(Dataset entries)
-------

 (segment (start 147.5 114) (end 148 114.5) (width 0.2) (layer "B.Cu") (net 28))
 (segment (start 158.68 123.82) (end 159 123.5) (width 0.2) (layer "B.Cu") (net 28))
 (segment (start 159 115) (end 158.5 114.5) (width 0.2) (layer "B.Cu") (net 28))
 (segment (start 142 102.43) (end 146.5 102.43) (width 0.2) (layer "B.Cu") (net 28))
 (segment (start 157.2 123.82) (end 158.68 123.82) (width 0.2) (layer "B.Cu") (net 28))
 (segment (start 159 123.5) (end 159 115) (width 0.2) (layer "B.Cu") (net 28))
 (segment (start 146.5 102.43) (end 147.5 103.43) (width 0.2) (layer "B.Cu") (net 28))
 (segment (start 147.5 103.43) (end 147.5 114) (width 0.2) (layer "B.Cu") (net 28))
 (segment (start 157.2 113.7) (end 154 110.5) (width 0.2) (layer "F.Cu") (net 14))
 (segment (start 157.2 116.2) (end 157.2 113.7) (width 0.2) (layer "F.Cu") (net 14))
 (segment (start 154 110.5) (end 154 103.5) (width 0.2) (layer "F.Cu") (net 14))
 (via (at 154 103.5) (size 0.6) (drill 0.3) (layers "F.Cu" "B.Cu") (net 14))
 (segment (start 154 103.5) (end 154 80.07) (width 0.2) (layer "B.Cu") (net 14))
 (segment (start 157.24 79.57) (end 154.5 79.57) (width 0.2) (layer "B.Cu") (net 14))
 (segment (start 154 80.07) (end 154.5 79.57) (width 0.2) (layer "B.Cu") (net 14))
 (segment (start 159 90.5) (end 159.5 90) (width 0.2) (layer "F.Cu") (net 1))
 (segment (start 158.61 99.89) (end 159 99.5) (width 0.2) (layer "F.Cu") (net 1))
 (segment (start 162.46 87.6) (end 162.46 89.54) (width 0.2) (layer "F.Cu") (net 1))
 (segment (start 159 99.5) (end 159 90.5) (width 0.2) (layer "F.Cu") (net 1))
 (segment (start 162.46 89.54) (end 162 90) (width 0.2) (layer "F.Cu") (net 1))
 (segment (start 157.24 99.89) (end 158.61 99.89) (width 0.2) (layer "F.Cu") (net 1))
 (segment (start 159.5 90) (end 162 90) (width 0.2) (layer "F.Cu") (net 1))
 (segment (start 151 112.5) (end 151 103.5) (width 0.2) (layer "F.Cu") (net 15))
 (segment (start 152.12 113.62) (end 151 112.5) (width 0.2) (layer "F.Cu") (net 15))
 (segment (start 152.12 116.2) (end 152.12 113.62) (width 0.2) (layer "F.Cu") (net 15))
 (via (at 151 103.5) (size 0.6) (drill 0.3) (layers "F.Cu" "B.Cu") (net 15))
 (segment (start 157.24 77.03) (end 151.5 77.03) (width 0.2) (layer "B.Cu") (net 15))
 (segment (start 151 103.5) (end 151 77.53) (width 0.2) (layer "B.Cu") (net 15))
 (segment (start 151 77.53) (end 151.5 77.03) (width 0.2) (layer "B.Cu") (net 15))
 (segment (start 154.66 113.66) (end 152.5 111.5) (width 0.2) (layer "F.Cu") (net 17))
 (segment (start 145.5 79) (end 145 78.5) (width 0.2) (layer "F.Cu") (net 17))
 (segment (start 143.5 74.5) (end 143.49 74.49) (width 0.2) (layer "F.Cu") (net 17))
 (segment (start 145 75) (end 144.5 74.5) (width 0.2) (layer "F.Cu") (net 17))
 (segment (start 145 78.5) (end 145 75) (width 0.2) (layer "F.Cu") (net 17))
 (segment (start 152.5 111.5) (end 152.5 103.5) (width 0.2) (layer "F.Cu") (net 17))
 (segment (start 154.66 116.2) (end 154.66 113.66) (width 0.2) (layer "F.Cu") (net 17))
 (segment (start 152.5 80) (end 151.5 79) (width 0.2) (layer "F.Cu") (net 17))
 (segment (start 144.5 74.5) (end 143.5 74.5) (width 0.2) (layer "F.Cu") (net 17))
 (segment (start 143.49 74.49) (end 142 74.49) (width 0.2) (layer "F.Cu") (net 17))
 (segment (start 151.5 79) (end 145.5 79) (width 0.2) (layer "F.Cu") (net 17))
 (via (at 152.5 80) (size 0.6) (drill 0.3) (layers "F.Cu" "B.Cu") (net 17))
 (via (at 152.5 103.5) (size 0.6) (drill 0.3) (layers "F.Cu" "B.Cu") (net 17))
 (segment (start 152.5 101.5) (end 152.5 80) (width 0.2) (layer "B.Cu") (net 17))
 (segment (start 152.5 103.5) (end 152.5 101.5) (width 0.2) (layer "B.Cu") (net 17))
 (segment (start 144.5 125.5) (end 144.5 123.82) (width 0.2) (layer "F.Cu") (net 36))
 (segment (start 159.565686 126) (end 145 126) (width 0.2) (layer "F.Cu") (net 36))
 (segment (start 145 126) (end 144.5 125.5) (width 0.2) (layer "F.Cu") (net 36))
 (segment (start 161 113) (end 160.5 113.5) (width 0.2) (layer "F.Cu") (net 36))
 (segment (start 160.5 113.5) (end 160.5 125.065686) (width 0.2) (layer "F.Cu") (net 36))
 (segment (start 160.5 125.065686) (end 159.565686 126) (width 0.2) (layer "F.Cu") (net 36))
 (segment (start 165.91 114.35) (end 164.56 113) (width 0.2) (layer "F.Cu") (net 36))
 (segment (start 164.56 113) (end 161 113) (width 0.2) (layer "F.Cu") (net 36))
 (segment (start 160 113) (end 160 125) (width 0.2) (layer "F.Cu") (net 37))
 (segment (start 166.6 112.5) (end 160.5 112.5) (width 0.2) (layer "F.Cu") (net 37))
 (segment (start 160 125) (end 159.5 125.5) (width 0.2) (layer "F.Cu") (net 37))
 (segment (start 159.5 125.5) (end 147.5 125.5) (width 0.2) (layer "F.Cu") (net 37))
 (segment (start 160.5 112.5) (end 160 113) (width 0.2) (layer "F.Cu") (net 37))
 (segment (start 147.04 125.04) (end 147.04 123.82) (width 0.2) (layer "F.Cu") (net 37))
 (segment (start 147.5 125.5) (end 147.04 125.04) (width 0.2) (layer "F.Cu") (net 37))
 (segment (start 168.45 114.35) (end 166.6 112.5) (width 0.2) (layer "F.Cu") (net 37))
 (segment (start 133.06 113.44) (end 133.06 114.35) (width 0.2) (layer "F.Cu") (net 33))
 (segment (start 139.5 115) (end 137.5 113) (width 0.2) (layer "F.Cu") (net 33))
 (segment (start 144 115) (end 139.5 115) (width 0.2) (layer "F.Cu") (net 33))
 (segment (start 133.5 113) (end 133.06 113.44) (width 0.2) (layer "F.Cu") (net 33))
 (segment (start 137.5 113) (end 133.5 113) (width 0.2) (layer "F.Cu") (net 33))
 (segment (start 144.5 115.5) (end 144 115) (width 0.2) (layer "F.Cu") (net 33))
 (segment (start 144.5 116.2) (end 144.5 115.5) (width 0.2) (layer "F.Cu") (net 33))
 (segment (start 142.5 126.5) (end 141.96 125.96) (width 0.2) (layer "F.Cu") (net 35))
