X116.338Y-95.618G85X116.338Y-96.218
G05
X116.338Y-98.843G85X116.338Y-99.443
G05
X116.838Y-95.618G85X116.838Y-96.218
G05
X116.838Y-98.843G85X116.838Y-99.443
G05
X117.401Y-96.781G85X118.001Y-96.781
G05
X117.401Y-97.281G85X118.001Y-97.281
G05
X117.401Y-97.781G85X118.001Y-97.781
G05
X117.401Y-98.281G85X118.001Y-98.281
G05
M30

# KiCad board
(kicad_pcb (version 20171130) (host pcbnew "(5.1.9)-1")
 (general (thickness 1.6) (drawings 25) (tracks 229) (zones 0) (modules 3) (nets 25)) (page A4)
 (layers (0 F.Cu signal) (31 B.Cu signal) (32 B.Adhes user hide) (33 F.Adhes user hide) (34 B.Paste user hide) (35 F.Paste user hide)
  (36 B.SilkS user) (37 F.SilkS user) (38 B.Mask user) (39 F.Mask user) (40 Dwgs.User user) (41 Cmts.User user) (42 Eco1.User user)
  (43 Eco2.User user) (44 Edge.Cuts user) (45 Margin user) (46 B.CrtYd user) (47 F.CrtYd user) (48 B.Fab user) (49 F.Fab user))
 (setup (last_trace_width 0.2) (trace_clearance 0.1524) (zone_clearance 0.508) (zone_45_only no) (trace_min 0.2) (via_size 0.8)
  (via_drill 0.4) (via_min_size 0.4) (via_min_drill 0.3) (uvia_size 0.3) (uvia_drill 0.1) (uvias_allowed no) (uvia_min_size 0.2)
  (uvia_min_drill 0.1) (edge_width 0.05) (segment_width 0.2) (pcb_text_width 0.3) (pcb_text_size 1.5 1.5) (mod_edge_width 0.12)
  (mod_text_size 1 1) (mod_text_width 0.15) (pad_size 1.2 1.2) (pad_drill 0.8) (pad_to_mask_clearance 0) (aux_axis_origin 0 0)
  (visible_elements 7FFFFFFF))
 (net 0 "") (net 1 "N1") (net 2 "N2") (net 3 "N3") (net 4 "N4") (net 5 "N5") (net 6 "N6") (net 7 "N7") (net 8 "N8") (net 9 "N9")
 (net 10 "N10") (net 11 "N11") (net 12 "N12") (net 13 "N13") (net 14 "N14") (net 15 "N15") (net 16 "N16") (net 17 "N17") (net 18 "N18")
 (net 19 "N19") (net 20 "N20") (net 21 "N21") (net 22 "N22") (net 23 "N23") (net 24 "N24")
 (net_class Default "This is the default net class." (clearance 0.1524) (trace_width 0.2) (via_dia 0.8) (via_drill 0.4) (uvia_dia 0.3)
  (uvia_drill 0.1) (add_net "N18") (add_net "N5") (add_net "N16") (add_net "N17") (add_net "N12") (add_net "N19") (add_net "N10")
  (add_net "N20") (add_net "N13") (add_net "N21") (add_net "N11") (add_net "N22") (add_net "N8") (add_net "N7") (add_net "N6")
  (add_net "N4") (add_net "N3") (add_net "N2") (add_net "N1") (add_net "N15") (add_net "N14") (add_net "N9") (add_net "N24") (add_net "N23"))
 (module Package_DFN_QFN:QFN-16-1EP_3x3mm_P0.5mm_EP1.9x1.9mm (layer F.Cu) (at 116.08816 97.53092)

-------

§ **WHAT THE TASK REQUIRES**
Please reproduce the lines from the line with "(segment (start 157.24 79.57)" to the line with "(segment (start 152.5 111.5)", both ends included, exactly as they appear above.

§ **ANSWER SECTION**
 (segment (start 157.24 79.57) (end 154.5 79.57) (width 0.2) (layer "B.Cu") (net 14))
 (segment (start 154 80.07) (end 154.5 79.57) (width 0.2) (layer "B.Cu") (net 14))
 (segment (start 159 90.5) (end 159.5 90) (width 0.2) (layer "F.Cu") (net 1))
 (segment (start 158.61 99.89) (end 159 99.5) (width 0.2) (layer "F.Cu") (net 1))
 (segment (start 162.46 87.6) (end 162.46 89.54) (width 0.2) (layer "F.Cu") (net 1))
 (segment (start 159 99.5) (end 159 90.5) (width 0.2) (layer "F.Cu") (net 1))
 (segment (start 162.46 89.54) (end 162 90) (width 0.2) (layer "F.Cu") (net 1))
 (segment (start 157.24 99.89) (end 158.61 99.89) (width 0.2) (layer "F.Cu") (net 1))
 (segment (start 159.5 90) (end 162 90) (width 0.2) (layer "F.Cu") (net 1))
 (segment (start 151 112.5) (end 151 103.5) (width 0.2) (layer "F.Cu") (net 15))
 (segment (start 152.12 113.62) (end 151 112.5) (width 0.2) (layer "F.Cu") (net 15))
 (segment (start 152.12 116.2) (end 152.12 113.62) (width 0.2) (layer "F.Cu") (net 15))
 (via (at 151 103.5) (size 0.6) (drill 0.3) (layers "F.Cu" "B.Cu") (net 15))
 (segment (start 157.24 77.03) (end 151.5 77.03) (width 0.2) (layer "B.Cu") (net 15))
 (segment (start 151 103.5) (end 151 77.53) (width 0.2) (layer "B.Cu") (net 15))
 (segment (start 151 77.53) (end 151.5 77.03) (width 0.2) (layer "B.Cu") (net 15))
 (segment (start 154.66 113.66) (end 152.5 111.5) (width 0.2) (layer "F.Cu") (net 17))
 (segment (start 145.5 79) (end 145 78.5) (width 0.2) (layer "F.Cu") (net 17))
 (segment (start 143.5 74.5) (end 143.49 74.49) (width 0.2) (layer "F.Cu") (net 17))
 (segment (start 145 75) (end 144.5 74.5) (width 0.2) (layer "F.Cu") (net 17))
 (segment (start 145 78.5) (end 145 75) (width 0.2) (layer "F.Cu") (net 17))
 (segment (start 152.5 111.5) (end 152.5 103.5) (width 0.2) (layer "F.Cu") (net 17))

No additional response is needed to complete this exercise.